— What to do —
Of all the lines in the entries below, give again exactly those starting at the line containing "X207750000Y-147200000D03*" and ending at the line containing "X227040000Y-143881250D01*", both ends included, and no others.

— Records for this exercise —
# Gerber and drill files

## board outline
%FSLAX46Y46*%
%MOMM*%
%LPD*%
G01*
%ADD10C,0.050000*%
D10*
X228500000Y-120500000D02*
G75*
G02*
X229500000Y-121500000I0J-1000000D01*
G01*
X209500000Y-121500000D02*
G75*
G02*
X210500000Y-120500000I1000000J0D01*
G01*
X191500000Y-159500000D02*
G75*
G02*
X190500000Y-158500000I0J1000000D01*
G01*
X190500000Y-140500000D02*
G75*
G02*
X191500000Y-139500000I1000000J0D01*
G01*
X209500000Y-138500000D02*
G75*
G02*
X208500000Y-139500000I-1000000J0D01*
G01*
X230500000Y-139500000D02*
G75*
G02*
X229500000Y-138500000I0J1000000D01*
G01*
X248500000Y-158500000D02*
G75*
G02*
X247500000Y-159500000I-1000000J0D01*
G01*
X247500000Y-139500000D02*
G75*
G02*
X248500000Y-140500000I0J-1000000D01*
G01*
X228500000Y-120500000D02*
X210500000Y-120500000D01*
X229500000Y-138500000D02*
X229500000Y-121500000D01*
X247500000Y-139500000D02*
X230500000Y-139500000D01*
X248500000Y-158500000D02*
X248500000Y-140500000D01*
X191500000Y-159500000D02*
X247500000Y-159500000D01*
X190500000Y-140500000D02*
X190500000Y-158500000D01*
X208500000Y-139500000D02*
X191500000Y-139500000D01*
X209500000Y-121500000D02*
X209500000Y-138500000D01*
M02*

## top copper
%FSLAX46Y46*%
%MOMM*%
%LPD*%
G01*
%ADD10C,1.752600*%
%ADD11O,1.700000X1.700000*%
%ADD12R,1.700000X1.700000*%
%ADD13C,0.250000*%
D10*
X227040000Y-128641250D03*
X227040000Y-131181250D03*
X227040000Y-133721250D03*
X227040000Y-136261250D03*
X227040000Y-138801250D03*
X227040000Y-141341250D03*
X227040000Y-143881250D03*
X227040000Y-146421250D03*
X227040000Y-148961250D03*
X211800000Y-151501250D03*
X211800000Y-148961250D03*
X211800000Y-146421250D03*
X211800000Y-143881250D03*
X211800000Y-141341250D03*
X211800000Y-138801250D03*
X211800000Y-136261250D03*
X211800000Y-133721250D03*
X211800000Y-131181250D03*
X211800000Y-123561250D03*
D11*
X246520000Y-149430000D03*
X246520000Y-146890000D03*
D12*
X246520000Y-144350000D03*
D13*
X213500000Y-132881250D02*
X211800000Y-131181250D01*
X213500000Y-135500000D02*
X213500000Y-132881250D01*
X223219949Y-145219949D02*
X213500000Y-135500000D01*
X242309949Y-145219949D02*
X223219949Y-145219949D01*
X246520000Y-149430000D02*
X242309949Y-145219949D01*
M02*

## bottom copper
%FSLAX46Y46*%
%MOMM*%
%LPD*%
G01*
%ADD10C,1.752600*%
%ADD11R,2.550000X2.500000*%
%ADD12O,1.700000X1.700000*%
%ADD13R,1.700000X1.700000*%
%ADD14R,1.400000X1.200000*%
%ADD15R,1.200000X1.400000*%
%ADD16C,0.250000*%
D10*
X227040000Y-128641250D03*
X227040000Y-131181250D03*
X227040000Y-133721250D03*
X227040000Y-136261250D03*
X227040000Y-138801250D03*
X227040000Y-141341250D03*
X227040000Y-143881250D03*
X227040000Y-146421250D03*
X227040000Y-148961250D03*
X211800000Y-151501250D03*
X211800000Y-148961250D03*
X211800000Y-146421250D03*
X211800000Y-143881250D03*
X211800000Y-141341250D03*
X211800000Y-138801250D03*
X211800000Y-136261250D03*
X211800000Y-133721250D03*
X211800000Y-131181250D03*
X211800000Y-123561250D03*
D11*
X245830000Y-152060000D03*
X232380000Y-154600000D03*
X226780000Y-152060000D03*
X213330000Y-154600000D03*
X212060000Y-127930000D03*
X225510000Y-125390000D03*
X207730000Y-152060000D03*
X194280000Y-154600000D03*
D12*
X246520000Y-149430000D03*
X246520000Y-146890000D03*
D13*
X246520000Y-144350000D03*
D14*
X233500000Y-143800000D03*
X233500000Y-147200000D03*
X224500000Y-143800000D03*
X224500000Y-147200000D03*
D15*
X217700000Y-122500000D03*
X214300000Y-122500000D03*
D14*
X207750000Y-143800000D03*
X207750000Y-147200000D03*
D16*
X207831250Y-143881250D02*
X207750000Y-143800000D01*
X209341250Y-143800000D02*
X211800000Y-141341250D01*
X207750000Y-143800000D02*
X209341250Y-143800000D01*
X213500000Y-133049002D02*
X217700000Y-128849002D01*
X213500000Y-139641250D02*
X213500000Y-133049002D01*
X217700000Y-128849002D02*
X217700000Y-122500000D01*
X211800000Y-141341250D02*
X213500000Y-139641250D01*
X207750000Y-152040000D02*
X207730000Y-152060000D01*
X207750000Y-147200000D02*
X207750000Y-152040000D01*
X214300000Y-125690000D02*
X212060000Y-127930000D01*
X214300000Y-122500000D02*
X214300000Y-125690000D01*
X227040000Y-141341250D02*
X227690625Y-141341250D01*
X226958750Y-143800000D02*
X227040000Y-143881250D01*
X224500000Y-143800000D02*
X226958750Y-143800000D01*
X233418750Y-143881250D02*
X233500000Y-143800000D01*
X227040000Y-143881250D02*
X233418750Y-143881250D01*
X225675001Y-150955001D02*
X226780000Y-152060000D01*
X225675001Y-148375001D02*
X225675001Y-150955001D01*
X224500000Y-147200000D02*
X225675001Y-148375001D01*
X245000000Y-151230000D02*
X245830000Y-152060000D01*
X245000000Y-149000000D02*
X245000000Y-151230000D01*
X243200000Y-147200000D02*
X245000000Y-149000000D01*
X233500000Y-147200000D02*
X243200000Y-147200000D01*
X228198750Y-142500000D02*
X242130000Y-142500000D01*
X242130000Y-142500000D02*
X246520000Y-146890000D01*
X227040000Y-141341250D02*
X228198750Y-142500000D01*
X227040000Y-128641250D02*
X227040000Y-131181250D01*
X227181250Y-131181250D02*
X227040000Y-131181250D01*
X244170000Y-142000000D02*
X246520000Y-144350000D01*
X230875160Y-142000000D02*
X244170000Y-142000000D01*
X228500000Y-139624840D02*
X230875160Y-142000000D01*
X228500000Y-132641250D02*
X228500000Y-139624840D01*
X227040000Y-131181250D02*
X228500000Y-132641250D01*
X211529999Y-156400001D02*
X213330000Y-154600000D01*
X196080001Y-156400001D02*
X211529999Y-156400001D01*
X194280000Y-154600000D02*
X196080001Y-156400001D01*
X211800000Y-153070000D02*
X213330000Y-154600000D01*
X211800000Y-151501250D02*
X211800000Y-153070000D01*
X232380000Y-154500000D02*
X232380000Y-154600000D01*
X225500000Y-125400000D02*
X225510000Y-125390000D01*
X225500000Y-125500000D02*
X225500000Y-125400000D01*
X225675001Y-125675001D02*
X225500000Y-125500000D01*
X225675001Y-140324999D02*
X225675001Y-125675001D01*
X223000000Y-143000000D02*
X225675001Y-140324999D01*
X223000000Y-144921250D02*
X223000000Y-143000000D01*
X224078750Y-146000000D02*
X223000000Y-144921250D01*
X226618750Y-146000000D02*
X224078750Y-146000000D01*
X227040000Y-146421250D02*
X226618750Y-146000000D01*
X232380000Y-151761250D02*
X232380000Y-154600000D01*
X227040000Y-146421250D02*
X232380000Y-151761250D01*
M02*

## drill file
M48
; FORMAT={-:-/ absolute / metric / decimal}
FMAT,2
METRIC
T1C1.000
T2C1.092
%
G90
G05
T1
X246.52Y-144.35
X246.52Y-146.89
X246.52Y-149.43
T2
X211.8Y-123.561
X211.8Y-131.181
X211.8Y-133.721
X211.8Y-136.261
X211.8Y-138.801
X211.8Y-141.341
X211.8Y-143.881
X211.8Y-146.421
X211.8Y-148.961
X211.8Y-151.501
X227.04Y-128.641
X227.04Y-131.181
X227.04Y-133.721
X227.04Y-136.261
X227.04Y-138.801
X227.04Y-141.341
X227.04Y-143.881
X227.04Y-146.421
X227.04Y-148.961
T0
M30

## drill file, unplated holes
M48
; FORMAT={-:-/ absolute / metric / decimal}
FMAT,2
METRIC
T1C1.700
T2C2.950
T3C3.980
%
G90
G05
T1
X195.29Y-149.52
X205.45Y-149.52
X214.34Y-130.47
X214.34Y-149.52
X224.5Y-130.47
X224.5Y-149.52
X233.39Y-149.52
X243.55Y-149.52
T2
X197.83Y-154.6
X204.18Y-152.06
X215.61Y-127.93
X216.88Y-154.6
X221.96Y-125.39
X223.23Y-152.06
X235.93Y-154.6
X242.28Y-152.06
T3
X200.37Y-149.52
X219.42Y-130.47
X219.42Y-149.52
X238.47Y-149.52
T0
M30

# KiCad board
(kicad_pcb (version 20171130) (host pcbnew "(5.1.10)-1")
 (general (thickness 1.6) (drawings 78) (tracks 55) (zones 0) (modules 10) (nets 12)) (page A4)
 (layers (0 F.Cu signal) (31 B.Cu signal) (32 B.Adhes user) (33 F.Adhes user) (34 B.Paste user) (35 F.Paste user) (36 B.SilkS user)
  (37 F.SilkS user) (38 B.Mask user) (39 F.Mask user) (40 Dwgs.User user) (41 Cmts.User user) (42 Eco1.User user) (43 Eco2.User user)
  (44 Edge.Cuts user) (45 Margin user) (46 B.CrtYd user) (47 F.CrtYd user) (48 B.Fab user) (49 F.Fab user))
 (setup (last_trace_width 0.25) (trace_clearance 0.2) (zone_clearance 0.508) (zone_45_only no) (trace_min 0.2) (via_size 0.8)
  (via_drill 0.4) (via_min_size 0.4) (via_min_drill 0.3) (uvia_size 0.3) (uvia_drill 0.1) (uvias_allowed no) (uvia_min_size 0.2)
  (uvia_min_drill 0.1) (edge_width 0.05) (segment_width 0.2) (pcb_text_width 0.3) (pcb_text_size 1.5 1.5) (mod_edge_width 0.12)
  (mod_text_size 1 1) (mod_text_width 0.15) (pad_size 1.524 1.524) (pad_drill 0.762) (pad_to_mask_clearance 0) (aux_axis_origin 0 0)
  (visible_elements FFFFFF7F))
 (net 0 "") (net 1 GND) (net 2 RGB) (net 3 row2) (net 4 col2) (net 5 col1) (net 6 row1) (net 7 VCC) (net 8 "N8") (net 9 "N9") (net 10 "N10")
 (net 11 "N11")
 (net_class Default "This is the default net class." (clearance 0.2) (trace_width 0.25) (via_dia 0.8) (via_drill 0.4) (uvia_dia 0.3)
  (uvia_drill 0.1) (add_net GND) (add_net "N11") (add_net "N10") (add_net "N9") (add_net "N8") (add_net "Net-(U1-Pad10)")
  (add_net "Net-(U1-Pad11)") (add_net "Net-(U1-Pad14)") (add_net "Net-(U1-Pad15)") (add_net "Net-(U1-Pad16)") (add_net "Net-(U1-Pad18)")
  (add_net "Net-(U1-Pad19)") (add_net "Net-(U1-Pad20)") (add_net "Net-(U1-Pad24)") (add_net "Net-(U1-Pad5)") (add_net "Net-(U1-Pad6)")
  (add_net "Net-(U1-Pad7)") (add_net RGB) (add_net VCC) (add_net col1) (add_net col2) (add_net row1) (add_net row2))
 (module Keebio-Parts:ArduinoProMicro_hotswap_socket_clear (layer B.Cu) (at 219.42 137.53125 270)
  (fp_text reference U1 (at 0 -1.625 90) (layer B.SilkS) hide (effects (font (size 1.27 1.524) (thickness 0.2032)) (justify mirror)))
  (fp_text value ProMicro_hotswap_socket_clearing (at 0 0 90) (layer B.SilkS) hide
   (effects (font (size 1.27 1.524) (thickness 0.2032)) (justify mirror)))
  (pad 3 thru_hole circle (at -8.89 -7.62 270) (size 1.7526 1.7526) (drill 1.0922) (layers *.Cu *.SilkS *.Mask) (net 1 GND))
  (pad 4 thru_hole circle (at -6.35 -7.62 270) (size 1.7526 1.7526) (drill 1.0922) (layers *.Cu *.SilkS *.Mask) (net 1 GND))
  (pad 5 thru_hole circle (at -3.81 -7.62 270) (size 1.7526 1.7526) (drill 1.0922) (layers *.Cu *.SilkS *.Mask))
  (pad 6 thru_hole circle (at -1.27 -7.62 270) (size 1.7526 1.7526) (drill 1.0922) (layers *.Cu *.SilkS *.Mask))
  (pad 7 thru_hole circle (at 1.27 -7.62 270) (size 1.7526 1.7526) (drill 1.0922) (layers *.Cu *.SilkS *.Mask))
  (pad 8 thru_hole circle (at 3.81 -7.62 270) (size 1.7526 1.7526) (drill 1.0922) (layers *.Cu *.SilkS *.Mask) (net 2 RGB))
  (pad 9 thru_hole circle (at 6.35 -7.62 270) (size 1.7526 1.7526) (drill 1.0922) (layers *.Cu *.SilkS *.Mask) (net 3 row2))
  (pad 10 thru_hole circle (at 8.89 -7.62 270) (size 1.7526 1.7526) (drill 1.0922) (layers *.Cu *.SilkS *.Mask) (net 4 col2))
  (pad 11 thru_hole circle (at 11.43 -7.62 270) (size 1.7526 1.7526) (drill 1.0922) (layers *.Cu *.SilkS *.Mask))
  (pad 13 thru_hole circle (at 13.97 7.62 270) (size 1.7526 1.7526) (drill 1.0922) (layers *.Cu *.SilkS *.Mask) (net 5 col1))
  (pad 14 thru_hole circle (at 11.43 7.62 270) (size 1.7526 1.7526) (drill 1.0922) (layers *.Cu *.SilkS *.Mask))
  (pad 15 thru_hole circle (at 8.89 7.62 270) (size 1.7526 1.7526) (drill 1.0922) (layers *.Cu *.SilkS *.Mask))
  (pad 16 thru_hole circle (at 6.35 7.62 270) (size 1.7526 1.7526) (drill 1.0922) (layers *.Cu *.SilkS *.Mask))
  (pad 17 thru_hole circle (at 3.81 7.62 270) (size 1.7526 1.7526) (drill 1.0922) (layers *.Cu *.SilkS *.Mask) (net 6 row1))
  (pad 18 thru_hole circle (at 1.27 7.62 270) (size 1.7526 1.7526) (drill 1.0922) (layers *.Cu *.SilkS *.Mask))
  (pad 19 thru_hole circle (at -1.27 7.62 270) (size 1.7526 1.7526) (drill 1.0922) (layers *.Cu *.SilkS *.Mask))
  (pad 20 thru_hole circle (at -3.81 7.62 270) (size 1.7526 1.7526) (drill 1.0922) (layers *.Cu *.SilkS *.Mask))
  (pad 21 thru_hole circle (at -6.35 7.62 270) (size 1.7526 1.7526) (drill 1.0922) (layers *.Cu *.SilkS *.Mask) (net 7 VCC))
  (pad 24 thru_hole circle (at -13.97 7.62 270) (size 1.7526 1.7526) (drill 1.0922) (layers *.Cu *.SilkS *.Mask)))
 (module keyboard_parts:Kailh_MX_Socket (layer F.Cu) (at 238.47 149.52)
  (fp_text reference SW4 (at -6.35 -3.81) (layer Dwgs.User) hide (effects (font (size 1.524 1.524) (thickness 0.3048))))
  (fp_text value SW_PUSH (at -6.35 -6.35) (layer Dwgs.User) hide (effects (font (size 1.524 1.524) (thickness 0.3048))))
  (pad 1 smd rect (at 7.36 2.54) (size 2.55 2.5) (layers B.Cu B.Paste B.Mask) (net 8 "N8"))
  (pad "" np_thru_hole circle (at 0 0) (size 3.98018 3.98018) (drill 3.98018) (layers *.Cu *.Mask))
  (pad "" np_thru_hole circle (at -2.54 5.08) (size 2.95 2.95) (drill 2.95) (layers *.Cu *.Mask))
  (pad "" np_thru_hole circle (at 3.81 2.54) (size 2.95 2.95) (drill 2.95) (layers *.Cu *.Mask))
  (pad 2 smd rect (at -6.09 5.08) (size 2.55 2.5) (layers B.Cu B.Paste B.Mask) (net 4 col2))
  (pad "" np_thru_hole circle (at -5.08 0) (size 1.7 1.7) (drill 1.7) (layers *.Cu *.Mask))
  (pad "" np_thru_hole circle (at 5.08 0) (size 1.7 1.7) (drill 1.7) (layers *.Cu *.Mask)))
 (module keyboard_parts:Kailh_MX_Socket (layer F.Cu) (at 219.42 149.52)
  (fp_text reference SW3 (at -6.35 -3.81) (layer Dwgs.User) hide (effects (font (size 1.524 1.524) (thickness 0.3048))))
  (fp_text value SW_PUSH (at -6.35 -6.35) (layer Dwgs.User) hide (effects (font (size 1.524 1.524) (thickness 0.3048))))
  (pad 1 smd rect (at 7.36 2.54) (size 2.55 2.5) (layers B.Cu B.Paste B.Mask) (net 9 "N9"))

— Answer —
X207750000Y-147200000D03*
D16*
X207831250Y-143881250D02*
X207750000Y-143800000D01*
X209341250Y-143800000D02*
X211800000Y-141341250D01*
X207750000Y-143800000D02*
X209341250Y-143800000D01*
X213500000Y-133049002D02*
X217700000Y-128849002D01*
X213500000Y-139641250D02*
X213500000Y-133049002D01*
X217700000Y-128849002D02*
X217700000Y-122500000D01*
X211800000Y-141341250D02*
X213500000Y-139641250D01*
X207750000Y-152040000D02*
X207730000Y-152060000D01*
X207750000Y-147200000D02*
X207750000Y-152040000D01*
X214300000Y-125690000D02*
X212060000Y-127930000D01*
X214300000Y-122500000D02*
X214300000Y-125690000D01*
X227040000Y-141341250D02*
X227690625Y-141341250D01*
X226958750Y-143800000D02*
X227040000Y-143881250D01*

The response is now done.